Another issue is that there is a lot of uncertainty with the model used to estimate cancer risk from radiation exposure to the skin, said Rebecca Smith-Bindman, a UCSF radiologist who also was not involved in the letter.
Smith-Bindman, who has testified before Congress about excessive radiation from medical scans, studied the TSA reports and said she wasn't concerned about the airport X-rays.
The risks are "truly trivial," she wrote in an
article for the Archives of Internal Medicine. A passenger would have to undergo 50 airport scans to reach the level of a dental X-ray, 1,000 for a chest X-ray, and 4,000 for a mammogram.
Though imperfect, the available models predict that the backscatters would lead to only six cancers over the course of a lifetime among the approximately 100 million people who fly every year, Smith-Bindman concluded.
"There's really unnecessary fear related to these scans," she said. "What I'm not as comfortable with is that there has not been access to these machines. They are not being tested on the same regulatory basis that we see on medical equipment."
After her article was published, Smith-Bindman was contacted by a TSA public affairs officer. During the conversation, she suggested that she or other outside scientists be allowed to test the machine. The official was shocked by the suggestion and said such access could tip off people who want to avoid detection, Smith-Bindman said.
"It was not appreciating that there's legitimate scientific questions that have to be balanced against the security questions," she said.
The TSA did not respond to ProPublica's questions about why it wouldn't allow outside testing. But at a
congressional hearing in March, Robin Kane, assistant administrator for security technology, said doing so would expose a lot of sensitive information the agency wouldn't normally share publicly. The machines had already been tested several times, he said, and if set up securely, the agency would allow more testing.
The available information leaves scientists with little to work with. Peter Rez, the Arizona State physics professor who signed the letter to Holdren, has tried to calculate the radiation by examining the handful of backscatter images that have been released publicly.

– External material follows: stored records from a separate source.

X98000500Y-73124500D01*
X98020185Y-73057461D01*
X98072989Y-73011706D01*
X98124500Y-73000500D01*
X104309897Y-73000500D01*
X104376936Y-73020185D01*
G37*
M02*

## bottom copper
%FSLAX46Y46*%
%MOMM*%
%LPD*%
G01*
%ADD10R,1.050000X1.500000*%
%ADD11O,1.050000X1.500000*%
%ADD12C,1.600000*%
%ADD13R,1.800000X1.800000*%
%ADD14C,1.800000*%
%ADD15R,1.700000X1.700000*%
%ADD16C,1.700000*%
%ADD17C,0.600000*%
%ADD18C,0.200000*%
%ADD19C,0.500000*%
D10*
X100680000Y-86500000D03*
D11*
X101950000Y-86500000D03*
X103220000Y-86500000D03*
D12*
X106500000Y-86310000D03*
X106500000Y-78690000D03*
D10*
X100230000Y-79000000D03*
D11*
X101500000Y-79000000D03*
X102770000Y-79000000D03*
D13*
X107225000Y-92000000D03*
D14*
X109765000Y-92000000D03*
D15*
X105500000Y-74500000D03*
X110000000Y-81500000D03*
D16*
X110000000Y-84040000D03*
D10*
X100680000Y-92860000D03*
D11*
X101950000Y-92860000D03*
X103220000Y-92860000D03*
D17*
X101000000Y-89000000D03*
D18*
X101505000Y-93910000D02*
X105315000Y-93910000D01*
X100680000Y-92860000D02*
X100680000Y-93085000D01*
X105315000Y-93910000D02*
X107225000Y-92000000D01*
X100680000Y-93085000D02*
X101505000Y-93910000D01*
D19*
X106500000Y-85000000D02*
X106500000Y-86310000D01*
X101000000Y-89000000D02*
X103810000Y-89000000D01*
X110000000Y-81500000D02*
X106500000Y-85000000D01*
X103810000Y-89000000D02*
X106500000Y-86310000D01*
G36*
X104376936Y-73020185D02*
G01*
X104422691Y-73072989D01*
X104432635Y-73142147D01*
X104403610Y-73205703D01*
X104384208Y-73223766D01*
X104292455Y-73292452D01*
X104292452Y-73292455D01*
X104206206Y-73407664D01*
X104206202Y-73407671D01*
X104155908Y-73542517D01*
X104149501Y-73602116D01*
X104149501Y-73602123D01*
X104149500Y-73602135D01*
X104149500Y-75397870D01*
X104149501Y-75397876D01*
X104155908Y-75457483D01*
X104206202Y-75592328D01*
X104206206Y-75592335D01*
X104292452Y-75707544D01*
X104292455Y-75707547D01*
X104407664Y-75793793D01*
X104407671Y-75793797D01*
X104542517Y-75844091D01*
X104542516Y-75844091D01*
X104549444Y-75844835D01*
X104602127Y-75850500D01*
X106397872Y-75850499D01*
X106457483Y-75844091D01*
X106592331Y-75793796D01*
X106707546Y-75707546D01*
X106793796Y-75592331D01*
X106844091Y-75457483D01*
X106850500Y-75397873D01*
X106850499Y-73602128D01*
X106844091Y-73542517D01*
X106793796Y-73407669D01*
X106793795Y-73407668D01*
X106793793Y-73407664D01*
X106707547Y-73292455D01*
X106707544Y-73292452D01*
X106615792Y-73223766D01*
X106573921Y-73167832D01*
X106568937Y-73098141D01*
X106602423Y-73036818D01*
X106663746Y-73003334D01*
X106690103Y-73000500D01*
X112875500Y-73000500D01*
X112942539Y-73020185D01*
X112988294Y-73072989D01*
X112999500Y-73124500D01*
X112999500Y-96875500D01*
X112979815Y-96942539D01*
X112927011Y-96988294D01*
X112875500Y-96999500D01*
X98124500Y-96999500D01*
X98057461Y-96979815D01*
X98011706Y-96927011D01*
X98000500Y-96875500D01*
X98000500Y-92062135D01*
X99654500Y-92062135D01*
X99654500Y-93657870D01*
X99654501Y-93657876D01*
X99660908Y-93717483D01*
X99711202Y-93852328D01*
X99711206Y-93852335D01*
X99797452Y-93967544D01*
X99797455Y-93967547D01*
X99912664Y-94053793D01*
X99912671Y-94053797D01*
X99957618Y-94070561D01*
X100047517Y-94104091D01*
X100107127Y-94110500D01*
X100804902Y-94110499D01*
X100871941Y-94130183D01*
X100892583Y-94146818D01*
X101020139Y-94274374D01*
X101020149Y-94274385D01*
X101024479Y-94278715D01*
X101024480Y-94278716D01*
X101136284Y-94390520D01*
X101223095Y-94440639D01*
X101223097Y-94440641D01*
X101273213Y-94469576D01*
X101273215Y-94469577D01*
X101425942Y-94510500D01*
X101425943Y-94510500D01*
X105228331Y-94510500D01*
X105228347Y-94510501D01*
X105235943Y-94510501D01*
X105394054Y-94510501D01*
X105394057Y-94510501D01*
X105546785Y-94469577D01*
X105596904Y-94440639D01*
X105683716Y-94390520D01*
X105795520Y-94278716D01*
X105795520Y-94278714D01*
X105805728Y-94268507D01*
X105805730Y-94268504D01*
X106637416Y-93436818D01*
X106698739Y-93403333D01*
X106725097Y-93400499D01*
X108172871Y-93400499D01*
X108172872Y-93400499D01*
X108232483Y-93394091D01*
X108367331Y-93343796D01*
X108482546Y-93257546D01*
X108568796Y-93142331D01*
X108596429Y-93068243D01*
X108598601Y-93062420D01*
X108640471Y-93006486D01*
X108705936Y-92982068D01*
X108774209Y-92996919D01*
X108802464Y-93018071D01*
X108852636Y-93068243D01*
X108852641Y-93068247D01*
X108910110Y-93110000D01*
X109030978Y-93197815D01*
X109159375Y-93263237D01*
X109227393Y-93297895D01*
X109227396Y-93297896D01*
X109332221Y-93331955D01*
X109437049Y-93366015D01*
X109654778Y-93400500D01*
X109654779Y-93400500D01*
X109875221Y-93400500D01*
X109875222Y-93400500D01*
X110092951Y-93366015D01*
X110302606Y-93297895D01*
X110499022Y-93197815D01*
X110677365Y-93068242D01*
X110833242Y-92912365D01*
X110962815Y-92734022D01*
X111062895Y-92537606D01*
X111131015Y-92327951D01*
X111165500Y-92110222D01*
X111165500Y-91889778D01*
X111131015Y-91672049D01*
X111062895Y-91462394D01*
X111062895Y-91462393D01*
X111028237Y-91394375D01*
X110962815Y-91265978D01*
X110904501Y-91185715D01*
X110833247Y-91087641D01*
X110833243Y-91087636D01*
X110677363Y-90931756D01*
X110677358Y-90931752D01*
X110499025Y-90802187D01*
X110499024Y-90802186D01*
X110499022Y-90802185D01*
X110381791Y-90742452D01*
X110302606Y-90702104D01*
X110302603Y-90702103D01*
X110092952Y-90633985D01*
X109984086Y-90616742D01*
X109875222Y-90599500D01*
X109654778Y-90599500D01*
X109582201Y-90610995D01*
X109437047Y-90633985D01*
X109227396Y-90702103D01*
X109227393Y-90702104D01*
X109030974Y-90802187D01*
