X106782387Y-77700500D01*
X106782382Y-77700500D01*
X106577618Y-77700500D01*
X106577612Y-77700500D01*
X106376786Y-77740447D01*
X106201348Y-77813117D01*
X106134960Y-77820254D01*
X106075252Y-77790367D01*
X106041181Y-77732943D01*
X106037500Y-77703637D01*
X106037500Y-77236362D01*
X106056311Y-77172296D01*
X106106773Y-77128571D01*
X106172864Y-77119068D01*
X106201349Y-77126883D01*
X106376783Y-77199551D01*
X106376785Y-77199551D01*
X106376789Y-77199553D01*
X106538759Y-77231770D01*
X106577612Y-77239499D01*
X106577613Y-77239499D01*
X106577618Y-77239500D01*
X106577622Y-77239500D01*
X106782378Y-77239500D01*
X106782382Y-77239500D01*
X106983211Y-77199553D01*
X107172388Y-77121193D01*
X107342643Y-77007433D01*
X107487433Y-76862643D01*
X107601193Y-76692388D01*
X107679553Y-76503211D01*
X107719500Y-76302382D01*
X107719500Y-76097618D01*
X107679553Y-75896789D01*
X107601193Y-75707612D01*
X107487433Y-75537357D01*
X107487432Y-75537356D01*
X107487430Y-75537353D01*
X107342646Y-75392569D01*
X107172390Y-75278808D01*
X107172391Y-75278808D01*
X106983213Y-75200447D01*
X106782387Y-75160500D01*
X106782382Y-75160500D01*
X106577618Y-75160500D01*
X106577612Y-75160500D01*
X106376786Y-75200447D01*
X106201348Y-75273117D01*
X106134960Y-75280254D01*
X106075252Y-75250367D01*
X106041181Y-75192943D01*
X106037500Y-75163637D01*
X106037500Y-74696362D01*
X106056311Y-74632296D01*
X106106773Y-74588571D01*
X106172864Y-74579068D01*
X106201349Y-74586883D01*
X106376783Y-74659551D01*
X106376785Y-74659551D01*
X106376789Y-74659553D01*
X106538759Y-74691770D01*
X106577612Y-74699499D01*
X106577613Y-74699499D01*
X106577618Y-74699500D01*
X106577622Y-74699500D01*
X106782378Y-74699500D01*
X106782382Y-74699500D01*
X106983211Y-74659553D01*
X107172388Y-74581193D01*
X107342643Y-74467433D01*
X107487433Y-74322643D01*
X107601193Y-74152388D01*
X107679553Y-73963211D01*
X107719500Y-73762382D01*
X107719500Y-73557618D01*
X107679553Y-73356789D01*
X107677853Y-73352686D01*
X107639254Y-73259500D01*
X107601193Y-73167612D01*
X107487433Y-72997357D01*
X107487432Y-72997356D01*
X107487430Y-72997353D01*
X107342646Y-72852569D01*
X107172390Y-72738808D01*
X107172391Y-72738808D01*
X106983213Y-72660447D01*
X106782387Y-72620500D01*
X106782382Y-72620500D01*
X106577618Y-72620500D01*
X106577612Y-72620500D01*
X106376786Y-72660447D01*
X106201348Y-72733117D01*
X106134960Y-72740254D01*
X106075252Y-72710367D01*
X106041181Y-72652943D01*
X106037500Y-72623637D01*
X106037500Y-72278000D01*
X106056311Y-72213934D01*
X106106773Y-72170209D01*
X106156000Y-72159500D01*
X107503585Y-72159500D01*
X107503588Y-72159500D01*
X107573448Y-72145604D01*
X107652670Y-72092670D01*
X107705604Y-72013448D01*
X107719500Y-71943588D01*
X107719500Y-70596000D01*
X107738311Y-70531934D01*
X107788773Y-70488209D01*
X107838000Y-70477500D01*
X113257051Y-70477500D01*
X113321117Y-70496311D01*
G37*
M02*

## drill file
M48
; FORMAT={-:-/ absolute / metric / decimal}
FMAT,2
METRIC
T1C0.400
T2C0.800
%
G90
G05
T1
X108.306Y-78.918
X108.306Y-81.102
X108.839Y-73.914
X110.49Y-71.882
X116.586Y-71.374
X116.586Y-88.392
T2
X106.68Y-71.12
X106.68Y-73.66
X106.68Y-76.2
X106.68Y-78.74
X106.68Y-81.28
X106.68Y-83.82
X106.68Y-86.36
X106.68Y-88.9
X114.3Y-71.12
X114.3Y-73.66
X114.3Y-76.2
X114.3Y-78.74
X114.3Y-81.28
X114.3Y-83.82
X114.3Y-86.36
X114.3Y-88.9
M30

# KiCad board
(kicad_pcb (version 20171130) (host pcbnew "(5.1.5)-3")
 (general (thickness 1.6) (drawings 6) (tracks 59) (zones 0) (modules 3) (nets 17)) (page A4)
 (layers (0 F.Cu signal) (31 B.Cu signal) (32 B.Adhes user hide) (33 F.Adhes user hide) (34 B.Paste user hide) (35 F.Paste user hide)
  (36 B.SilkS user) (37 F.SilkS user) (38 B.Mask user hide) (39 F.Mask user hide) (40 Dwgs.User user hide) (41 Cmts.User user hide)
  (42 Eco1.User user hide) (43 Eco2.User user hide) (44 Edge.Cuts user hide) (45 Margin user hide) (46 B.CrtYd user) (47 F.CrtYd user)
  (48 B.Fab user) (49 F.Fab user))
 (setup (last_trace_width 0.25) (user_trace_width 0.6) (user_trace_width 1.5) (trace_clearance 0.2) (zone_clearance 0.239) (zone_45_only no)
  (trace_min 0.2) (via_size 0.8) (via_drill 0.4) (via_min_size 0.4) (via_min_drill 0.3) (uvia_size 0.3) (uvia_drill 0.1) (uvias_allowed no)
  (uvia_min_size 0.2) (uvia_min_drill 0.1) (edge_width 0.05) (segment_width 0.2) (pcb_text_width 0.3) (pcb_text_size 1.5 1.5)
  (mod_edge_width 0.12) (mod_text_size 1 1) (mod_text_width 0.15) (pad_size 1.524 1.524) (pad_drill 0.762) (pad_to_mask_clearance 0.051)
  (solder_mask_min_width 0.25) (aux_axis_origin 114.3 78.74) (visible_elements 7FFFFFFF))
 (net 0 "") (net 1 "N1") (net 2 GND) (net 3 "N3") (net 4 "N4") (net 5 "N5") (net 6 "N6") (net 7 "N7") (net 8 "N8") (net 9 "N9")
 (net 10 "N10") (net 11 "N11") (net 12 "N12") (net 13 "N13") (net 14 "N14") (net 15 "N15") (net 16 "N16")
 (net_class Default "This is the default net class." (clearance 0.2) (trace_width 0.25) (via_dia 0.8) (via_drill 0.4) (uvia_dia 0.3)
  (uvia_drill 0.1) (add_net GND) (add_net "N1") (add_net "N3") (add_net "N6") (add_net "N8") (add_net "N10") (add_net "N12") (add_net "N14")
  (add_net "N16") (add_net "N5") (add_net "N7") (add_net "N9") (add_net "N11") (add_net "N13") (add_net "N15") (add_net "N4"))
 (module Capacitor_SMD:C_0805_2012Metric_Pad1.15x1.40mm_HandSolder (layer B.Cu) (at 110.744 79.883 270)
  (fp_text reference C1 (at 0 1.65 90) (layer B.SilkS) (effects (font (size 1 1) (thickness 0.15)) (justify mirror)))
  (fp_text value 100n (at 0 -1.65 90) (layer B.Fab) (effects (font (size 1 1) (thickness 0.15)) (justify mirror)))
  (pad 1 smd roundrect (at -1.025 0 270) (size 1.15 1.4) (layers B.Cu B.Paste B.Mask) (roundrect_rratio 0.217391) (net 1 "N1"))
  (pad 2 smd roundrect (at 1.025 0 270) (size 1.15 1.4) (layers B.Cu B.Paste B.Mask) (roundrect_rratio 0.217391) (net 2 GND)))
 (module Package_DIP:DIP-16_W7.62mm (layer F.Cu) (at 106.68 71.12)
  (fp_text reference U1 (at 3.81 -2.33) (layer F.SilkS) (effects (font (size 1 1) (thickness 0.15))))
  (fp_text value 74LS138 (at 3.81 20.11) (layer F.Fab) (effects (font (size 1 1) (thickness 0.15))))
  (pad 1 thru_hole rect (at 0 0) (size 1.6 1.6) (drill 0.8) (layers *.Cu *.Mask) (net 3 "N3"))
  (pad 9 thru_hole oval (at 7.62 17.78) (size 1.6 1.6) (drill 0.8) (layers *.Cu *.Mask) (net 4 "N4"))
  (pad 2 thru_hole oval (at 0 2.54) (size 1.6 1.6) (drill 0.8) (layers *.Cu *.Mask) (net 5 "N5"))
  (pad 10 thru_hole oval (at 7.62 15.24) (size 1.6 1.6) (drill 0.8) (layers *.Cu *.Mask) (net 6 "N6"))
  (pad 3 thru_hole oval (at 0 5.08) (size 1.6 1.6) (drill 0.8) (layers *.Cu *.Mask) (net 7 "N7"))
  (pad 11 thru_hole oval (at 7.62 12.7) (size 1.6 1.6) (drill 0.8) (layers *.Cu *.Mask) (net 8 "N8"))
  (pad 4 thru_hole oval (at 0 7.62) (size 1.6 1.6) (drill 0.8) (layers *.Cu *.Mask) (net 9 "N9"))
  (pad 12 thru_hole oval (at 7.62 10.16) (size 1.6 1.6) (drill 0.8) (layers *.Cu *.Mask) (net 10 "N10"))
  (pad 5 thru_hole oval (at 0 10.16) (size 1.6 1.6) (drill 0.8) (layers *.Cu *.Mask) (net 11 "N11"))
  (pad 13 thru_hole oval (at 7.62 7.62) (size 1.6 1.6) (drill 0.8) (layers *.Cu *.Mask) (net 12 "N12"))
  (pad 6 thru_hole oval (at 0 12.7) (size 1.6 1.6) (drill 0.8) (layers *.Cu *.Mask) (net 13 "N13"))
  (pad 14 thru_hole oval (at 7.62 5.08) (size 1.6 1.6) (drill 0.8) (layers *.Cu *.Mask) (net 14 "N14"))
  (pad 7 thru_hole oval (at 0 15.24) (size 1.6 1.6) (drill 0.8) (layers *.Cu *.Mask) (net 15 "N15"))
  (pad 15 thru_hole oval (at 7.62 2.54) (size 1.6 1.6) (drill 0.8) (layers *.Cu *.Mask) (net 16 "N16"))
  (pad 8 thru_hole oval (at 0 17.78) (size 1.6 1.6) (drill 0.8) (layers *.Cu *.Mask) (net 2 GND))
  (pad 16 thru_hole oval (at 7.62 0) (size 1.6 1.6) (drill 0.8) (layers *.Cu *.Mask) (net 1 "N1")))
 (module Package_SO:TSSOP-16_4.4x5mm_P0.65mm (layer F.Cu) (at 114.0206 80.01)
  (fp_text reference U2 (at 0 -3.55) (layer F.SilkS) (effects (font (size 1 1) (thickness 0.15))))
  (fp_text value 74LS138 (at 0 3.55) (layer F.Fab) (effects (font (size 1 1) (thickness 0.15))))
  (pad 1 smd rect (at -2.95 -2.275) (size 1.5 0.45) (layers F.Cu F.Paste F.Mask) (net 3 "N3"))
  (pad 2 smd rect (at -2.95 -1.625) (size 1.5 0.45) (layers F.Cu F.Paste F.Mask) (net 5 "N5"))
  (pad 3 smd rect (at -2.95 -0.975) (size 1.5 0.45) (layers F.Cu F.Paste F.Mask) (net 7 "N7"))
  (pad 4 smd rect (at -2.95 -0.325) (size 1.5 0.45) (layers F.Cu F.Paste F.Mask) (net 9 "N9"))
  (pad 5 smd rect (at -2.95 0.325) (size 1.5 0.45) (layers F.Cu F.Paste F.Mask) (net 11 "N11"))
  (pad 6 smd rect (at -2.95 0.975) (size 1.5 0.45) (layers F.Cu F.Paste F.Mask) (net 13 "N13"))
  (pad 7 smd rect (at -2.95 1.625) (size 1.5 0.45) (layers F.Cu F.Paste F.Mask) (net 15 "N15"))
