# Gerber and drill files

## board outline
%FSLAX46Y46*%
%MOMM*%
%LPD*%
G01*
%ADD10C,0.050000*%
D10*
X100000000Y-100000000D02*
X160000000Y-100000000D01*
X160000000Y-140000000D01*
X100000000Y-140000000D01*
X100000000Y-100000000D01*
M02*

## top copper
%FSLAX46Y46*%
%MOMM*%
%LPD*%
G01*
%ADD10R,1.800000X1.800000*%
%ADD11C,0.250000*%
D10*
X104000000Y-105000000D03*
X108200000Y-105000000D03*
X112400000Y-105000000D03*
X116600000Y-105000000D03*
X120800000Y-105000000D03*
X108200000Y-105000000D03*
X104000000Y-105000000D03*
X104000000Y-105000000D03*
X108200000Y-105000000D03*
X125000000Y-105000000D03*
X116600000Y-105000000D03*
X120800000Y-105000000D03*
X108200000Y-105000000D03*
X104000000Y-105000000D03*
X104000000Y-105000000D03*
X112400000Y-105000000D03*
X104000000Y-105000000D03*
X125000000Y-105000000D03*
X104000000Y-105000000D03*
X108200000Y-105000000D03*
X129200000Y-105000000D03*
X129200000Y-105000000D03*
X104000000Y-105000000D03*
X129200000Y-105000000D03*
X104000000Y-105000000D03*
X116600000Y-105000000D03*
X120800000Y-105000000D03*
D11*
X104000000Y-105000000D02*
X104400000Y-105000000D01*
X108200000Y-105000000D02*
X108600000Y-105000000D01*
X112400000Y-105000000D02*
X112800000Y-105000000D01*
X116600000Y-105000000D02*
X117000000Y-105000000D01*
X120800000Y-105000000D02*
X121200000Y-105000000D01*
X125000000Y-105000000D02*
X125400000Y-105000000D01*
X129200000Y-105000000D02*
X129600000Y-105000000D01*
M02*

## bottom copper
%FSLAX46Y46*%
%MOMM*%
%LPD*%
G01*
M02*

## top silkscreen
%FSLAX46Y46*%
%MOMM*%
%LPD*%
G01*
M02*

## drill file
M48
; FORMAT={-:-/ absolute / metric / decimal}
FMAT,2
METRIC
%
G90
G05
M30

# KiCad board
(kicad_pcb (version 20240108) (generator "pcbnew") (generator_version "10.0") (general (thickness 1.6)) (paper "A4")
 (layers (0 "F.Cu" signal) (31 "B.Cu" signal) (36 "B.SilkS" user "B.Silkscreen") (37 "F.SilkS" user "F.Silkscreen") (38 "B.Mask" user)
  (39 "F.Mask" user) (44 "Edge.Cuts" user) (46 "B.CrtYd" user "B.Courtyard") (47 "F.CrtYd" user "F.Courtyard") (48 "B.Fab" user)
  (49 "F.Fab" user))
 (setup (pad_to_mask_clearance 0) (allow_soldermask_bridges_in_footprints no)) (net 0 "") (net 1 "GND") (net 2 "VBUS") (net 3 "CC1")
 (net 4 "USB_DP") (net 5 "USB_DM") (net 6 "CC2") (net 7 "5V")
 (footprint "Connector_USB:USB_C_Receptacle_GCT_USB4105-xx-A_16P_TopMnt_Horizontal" (layer "F.Cu") (at 100 100)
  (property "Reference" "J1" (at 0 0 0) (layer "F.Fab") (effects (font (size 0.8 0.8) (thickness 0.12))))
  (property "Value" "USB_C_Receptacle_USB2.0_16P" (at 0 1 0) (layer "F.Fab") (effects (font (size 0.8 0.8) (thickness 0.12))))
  (pad "A1" smd rect (at 4.000 5.000) (size 1.8 1.8) (layers "F.Cu" "F.Paste" "F.Mask") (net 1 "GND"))
  (pad "A4" smd rect (at 8.200 5.000) (size 1.8 1.8) (layers "F.Cu" "F.Paste" "F.Mask") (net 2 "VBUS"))
  (pad "A5" smd rect (at 12.400 5.000) (size 1.8 1.8) (layers "F.Cu" "F.Paste" "F.Mask") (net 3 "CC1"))
  (pad "A6" smd rect (at 16.600 5.000) (size 1.8 1.8) (layers "F.Cu" "F.Paste" "F.Mask") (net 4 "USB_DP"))
  (pad "A7" smd rect (at 20.800 5.000) (size 1.8 1.8) (layers "F.Cu" "F.Paste" "F.Mask") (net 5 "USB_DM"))
  (pad "A9" smd rect (at 8.200 5.000) (size 1.8 1.8) (layers "F.Cu" "F.Paste" "F.Mask") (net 2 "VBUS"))
  (pad "A12" smd rect (at 4.000 5.000) (size 1.8 1.8) (layers "F.Cu" "F.Paste" "F.Mask") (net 1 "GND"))
  (pad "B1" smd rect (at 4.000 5.000) (size 1.8 1.8) (layers "F.Cu" "F.Paste" "F.Mask") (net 1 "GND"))
  (pad "B4" smd rect (at 8.200 5.000) (size 1.8 1.8) (layers "F.Cu" "F.Paste" "F.Mask") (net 2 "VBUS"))
  (pad "B5" smd rect (at 25.000 5.000) (size 1.8 1.8) (layers "F.Cu" "F.Paste" "F.Mask") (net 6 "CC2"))
  (pad "B6" smd rect (at 16.600 5.000) (size 1.8 1.8) (layers "F.Cu" "F.Paste" "F.Mask") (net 4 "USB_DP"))
  (pad "B7" smd rect (at 20.800 5.000) (size 1.8 1.8) (layers "F.Cu" "F.Paste" "F.Mask") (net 5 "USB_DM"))
  (pad "B9" smd rect (at 8.200 5.000) (size 1.8 1.8) (layers "F.Cu" "F.Paste" "F.Mask") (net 2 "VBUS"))
  (pad "B12" smd rect (at 4.000 5.000) (size 1.8 1.8) (layers "F.Cu" "F.Paste" "F.Mask") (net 1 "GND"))
  (pad "SH" smd rect (at 4.000 5.000) (size 1.8 1.8) (layers "F.Cu" "F.Paste" "F.Mask") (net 1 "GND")))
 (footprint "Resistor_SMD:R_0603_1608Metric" (layer "F.Cu") (at 100 100)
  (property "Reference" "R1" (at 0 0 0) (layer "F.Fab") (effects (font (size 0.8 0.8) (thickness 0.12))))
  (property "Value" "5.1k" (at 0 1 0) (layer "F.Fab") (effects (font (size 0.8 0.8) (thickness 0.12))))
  (pad "1" smd rect (at 12.400 5.000) (size 1.8 1.8) (layers "F.Cu" "F.Paste" "F.Mask") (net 3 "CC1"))
  (pad "2" smd rect (at 4.000 5.000) (size 1.8 1.8) (layers "F.Cu" "F.Paste" "F.Mask") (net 1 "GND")))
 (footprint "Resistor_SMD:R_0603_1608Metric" (layer "F.Cu") (at 100 100)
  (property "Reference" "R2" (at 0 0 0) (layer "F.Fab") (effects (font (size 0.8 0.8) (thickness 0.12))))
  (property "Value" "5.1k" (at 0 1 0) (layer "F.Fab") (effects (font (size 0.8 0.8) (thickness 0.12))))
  (pad "1" smd rect (at 25.000 5.000) (size 1.8 1.8) (layers "F.Cu" "F.Paste" "F.Mask") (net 6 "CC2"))
  (pad "2" smd rect (at 4.000 5.000) (size 1.8 1.8) (layers "F.Cu" "F.Paste" "F.Mask") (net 1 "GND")))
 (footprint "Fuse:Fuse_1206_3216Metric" (layer "F.Cu") (at 100 100)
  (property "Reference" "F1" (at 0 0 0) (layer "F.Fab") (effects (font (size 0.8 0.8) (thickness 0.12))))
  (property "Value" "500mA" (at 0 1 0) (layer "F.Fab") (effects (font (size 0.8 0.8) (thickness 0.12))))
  (pad "1" smd rect (at 8.200 5.000) (size 1.8 1.8) (layers "F.Cu" "F.Paste" "F.Mask") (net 2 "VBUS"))
  (pad "2" smd rect (at 29.200 5.000) (size 1.8 1.8) (layers "F.Cu" "F.Paste" "F.Mask") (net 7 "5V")))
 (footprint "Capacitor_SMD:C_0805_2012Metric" (layer "F.Cu") (at 100 100)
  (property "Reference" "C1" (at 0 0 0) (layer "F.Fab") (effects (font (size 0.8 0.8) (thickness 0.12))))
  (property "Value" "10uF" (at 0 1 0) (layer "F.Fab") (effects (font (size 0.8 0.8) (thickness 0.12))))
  (pad "1" smd rect (at 29.200 5.000) (size 1.8 1.8) (layers "F.Cu" "F.Paste" "F.Mask") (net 7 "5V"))
  (pad "2" smd rect (at 4.000 5.000) (size 1.8 1.8) (layers "F.Cu" "F.Paste" "F.Mask") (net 1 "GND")))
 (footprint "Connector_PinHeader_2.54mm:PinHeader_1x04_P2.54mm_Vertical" (layer "F.Cu") (at 100 100)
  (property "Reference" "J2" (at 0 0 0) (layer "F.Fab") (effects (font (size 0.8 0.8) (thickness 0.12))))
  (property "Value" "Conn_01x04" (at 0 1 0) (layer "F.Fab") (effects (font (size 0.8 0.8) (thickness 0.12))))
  (pad "1" smd rect (at 29.200 5.000) (size 1.8 1.8) (layers "F.Cu" "F.Paste" "F.Mask") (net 7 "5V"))
  (pad "2" smd rect (at 4.000 5.000) (size 1.8 1.8) (layers "F.Cu" "F.Paste" "F.Mask") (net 1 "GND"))
  (pad "3" smd rect (at 16.600 5.000) (size 1.8 1.8) (layers "F.Cu" "F.Paste" "F.Mask") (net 4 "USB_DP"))
  (pad "4" smd rect (at 20.800 5.000) (size 1.8 1.8) (layers "F.Cu" "F.Paste" "F.Mask") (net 5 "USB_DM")))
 (gr_rect (start 100 100) (end 160 140) (stroke (width 0.05) (type default)) (fill none) (layer "Edge.Cuts"))
 (segment (start 104.000 105.000) (end 104.400 105.000) (width 0.25) (layer "F.Cu") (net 1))
 (segment (start 108.200 105.000) (end 108.600 105.000) (width 0.25) (layer "F.Cu") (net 2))
 (segment (start 112.400 105.000) (end 112.800 105.000) (width 0.25) (layer "F.Cu") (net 3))
 (segment (start 116.600 105.000) (end 117.000 105.000) (width 0.25) (layer "F.Cu") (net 4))
 (segment (start 120.800 105.000) (end 121.200 105.000) (width 0.25) (layer "F.Cu") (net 5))
 (segment (start 125.000 105.000) (end 125.400 105.000) (width 0.25) (layer "F.Cu") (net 6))
 (segment (start 129.200 105.000) (end 129.600 105.000) (width 0.25) (layer "F.Cu") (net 7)))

The Electronic Privacy Information Center, a civil liberties group, sued the Department of Homeland Security, TSA's parent agency, in federal court seeking release of 2,000 backscatter images used in testing. But it has not been successful.
The few images that have been made public do not reveal faces or detailed private features. The TSA says the images Rez used are out of date, but Rez says the current image on TSA's website is unusable.
Using the earlier images, Rez
concluded in the
Radiation Protection Dosimetry journal that it was highly unlikely the machines could have produced such high-quality images with doses of radiation as low as those described by TSA. He estimated the dose, while still very small, is 45 times higher than the results measured by Johns Hopkins.
Applying Rez's numbers, Brenner wrote a
paper for the journal
Radiology, estimating that 100 additional cancers would develop for every 1 billion scans.
For Rez, the real danger occurs if the machine stops in the middle of a scan, allowing the beam to focus on a tiny area for several seconds. Given that the backscatter works with a wheel rotating at a high speed, and that the agency plans to use the scanners continuously 365 days a year, mechanical failures are likely, he said.
The TSA says that the scanners have safety systems, such as automatic shutoffs and emergency stop buttons, that will kill the beam in the event of any problem that could result in abnormal radiation. How those fail-safe systems work isn't entirely clear.
When Johns Hopkins researchers visited the Rapiscan facility, the automatic termination appeared to work. But the full results of the shutoff tests are redacted.
What's more, the test system didn't have an emergency stop button.